Fracture and Adhesion of Soft Materials: A review

Fracture and adhesion of soft materials:a review

Costantino Creton and Matteo Ciccotti
Reports of Progress in Physics, vol 79, 40616, 2016.



Soft materials are materials with a low shear modulus relative to their bulk modulus and where
elastic restoring forces are mainly of entropic origin. A sparse population of strong bonds connects
molecules together and prevents macroscopic flow. In this review we discuss the current state of
the art on how these soft materials break and detach from solid surfaces. We focus on how stresses
and strains are localized near the fracture plane and how elastic energy can flow from the bulk of
the material to the crack tip.

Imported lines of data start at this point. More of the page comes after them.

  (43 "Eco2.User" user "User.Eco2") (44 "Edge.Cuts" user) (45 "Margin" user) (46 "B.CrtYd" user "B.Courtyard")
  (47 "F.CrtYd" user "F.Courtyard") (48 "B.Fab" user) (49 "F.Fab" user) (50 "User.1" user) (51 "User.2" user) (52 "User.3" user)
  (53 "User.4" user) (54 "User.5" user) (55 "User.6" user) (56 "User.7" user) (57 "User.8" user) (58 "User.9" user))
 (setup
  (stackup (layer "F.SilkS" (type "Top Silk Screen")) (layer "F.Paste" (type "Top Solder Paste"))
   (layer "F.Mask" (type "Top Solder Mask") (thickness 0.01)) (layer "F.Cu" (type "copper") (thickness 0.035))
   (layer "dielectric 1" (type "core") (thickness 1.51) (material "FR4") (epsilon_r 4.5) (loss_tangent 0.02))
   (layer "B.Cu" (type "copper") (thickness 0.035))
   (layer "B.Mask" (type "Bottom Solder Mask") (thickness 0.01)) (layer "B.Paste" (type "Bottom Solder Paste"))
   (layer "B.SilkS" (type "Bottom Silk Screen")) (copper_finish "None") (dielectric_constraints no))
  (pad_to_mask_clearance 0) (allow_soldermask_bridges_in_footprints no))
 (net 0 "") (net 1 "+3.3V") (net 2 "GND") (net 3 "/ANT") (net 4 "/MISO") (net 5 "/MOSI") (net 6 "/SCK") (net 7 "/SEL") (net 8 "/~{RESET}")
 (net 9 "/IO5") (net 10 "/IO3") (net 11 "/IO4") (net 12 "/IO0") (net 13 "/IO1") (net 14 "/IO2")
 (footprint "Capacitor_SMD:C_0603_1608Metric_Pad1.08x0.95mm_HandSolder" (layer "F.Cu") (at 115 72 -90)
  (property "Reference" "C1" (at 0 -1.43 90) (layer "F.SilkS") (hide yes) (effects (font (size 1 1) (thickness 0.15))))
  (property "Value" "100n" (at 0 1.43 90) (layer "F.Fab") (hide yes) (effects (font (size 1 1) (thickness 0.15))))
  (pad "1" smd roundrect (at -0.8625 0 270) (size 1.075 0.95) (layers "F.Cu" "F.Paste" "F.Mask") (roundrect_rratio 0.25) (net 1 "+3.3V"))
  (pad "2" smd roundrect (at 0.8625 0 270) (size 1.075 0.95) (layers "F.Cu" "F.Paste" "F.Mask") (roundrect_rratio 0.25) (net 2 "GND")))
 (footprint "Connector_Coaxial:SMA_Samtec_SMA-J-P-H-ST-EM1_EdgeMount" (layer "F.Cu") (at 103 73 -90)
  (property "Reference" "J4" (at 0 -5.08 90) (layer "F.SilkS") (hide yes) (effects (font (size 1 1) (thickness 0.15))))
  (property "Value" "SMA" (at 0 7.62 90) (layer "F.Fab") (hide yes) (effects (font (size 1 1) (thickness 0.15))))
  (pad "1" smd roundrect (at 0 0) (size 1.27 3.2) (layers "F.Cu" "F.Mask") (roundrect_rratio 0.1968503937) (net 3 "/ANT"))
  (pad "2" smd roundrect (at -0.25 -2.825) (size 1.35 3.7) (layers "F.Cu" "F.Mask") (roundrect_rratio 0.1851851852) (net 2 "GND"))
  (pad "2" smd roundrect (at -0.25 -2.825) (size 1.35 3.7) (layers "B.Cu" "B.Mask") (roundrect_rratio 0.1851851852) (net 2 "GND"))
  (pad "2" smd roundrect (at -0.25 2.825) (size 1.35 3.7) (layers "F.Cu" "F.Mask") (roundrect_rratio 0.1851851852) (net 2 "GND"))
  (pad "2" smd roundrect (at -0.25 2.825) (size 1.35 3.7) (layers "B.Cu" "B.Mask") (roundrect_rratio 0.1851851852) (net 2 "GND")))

Adhesion of pressure-sensitive-adhesives, fracture of gels and rubbers
are specifically addressed and the key concepts are pointed out. We define the important length
scales in the problem and in particular the elasto-adhesive length Γ/E where Γ is the fracture energy
and E is the elastic modulus, and how the ratio between sample size and Γ/E controls the fracture
mechanisms. Theoretical concepts bridging solid mechanics and polymer physics are rationalized
and illustrated by micromechanical experiments and mechanisms of fracture are described in detail.
Open questions and emerging concepts are discussed at the end of the review.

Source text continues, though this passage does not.